Arzneimitteltherapiesicherheit an der Schnittstelle Intensiv-/Normalstation – Ist Medication Reconciliation die Lösung?
Abstract I-20
5. Deutscher Kongress für Patientensicherheit bei medikamentöser Therapie; Berlin, 18.–19. Oktober 2018
C. Sommer1, S. Kluge2, M. Baehr1, C. Langebrake1
1Universitätsklinikum Hamburg-Eppendorf Klinikapotheke, Martinistr. 52, 20246 Hamburg, Deutschland
2Universitätsklinikum Hamburg-Eppendorf Klinik für Intensivmedizin, Martinistr. 52, 20246 Hamburg, Deutschland
Einleitung
Strategien zur Risikovermeidung von Medikationsfehlern (MF) bei Verlegung von Intensiv- auf Normalstation sind bisher kaum untersucht. Wenige Publikationen beschreiben die Vermeidung diskrepanzbezogener MF mittels Medication Reconciliation (MedRec). Dabei bleiben jedoch die klinische Relevanz der MF und vermeidbare unerwünschte Arzneimittelereignisse (vUAE) unberücksichtigt.
Aufgrund seiner hohen Transparenz eignet sich der durchgehend elektronische UKE-Medikationsprozess hervorragend zur Beantwortung der Fragestellung.
Methoden
Aus der elektronischen Patientenakte wurden alle Arzneimittel von Patienten, die von einer Intensiv- auf eine Normalstation im UKE verlegt wurden (9/10 2016) retrospektiv erfasst. MedRec und eine Prüfung der Arzneimitteltherapiesicherheit wurden nach definierten Algorithmen durchgeführt. Die Bewertung der MF und vUAE erfolgte nach den validierten Algorithmen des National Coordinating Council for Medication Error Reporting and Prevention (NCC MERP) in Konsensbildung durch Fachapotheker und Fachärzte. Die Datenauswertung erfolgte deskriptiv.
Ergebnisse
1000 Patienten (Median 66 Jahre, 17–96 Jahre) mit im Median 8 (1–21) Arzneimittelverordnungen wurden nach NCC MERP klassifiziert. Bei 49,9 % der Klassifizierungen lag kein MF vor (Kategorie A), sondern klinisch begründete Diskrepanzen. Von den vUAE (11,8 %, Kategorie E-I) fanden sich 77,4 % in der Schmerztherapie. Als weitere Handlungsfelder mit hoher klinischer Relevanz wurden das Delir-Management (3,6 %), akutes Nierenversagen bei Überdosierung von Vancomycin und Gentamicin (1,8 %) Hydrochlorothiazid-induzierte Hyponatriämien (1,6 %), sowie Arrhythmien bei Ciprofloxacin- und Amitriptylin-Therapie (1,1 %) identifiziert.

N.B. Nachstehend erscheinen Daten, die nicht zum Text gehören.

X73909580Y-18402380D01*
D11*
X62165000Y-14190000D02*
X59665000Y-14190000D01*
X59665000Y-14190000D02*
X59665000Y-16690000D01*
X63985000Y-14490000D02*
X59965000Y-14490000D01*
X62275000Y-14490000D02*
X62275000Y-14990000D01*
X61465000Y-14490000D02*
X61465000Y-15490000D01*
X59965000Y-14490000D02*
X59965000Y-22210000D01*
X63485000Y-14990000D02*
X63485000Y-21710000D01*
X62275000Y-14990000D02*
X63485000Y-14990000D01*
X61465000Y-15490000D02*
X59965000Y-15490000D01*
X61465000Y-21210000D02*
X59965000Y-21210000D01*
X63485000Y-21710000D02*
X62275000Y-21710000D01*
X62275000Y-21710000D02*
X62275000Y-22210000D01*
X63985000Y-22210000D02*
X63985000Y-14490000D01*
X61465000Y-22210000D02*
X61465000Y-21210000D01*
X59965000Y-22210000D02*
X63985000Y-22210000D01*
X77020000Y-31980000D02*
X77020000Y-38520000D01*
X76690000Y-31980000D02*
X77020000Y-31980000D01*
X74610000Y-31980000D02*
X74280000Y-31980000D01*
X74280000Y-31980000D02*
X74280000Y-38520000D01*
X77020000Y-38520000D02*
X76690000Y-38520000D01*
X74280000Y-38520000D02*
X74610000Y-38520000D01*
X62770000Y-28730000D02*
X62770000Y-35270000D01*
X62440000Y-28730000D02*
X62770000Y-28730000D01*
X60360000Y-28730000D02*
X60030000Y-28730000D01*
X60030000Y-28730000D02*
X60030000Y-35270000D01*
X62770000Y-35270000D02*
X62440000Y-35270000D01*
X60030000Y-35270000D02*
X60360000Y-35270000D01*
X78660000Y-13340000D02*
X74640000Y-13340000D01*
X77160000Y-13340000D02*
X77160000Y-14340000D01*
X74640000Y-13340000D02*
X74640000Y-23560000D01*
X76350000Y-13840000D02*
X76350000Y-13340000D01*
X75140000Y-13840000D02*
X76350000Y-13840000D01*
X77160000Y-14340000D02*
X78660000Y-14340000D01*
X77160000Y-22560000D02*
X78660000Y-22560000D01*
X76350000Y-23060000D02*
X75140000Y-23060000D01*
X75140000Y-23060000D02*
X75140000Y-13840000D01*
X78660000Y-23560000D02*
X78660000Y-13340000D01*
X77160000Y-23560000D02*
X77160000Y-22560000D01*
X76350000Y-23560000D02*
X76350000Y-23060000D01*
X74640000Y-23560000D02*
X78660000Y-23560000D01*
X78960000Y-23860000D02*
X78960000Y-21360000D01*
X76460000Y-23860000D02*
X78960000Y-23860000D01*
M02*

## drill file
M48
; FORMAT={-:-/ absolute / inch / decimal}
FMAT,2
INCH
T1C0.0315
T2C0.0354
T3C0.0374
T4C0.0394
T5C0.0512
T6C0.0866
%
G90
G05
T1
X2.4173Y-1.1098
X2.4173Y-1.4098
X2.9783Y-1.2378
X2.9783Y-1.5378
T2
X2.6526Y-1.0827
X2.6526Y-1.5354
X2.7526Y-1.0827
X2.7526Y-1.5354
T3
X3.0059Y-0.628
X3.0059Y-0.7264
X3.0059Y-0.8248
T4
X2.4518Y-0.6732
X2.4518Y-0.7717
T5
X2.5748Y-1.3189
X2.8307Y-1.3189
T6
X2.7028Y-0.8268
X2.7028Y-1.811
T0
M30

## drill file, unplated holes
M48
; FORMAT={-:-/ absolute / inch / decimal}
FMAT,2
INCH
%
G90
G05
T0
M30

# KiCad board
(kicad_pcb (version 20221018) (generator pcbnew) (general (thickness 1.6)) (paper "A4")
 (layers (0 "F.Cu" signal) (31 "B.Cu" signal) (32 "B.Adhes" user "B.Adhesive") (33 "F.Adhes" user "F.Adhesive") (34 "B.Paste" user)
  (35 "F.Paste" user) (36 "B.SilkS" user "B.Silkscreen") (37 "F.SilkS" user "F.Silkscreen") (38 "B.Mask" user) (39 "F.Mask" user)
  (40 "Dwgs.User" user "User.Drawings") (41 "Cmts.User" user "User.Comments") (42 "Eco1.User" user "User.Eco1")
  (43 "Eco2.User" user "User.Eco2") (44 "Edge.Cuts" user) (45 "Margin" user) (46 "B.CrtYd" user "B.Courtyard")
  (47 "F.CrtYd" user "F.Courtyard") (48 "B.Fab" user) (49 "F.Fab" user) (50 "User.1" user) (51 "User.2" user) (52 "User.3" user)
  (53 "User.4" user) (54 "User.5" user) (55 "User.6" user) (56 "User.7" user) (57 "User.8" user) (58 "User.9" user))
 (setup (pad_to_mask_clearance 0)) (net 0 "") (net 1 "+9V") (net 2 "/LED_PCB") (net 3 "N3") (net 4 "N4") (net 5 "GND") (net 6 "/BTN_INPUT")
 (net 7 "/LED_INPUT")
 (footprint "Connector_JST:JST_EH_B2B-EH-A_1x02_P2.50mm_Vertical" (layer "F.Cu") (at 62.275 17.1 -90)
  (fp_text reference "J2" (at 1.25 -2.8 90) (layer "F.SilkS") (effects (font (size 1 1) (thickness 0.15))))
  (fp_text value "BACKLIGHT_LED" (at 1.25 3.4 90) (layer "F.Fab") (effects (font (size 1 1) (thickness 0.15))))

Diskussion und Schlussfolgerungen
Da durch MedRec identifizierbare Diskrepanzen zu 50 % keine MF waren, ist MedRec zur Reduktion von MF und vUAE an der Schnittstelle Intensiv-Normalstation im closed-loop-Medikationsprozess nicht effektiv. Stattdessen erfolgen neben Schulungen gezielte pharmazeutische Interventionen zu den identifizierten Handlungsfeldern, welche in einer quasiexperimentellen Studie im Pre-Post-Test-Design aktuell evaluiert werden.
Interessenkonflikte
Ein Interessenkonflikt wird von den Autoren verneint.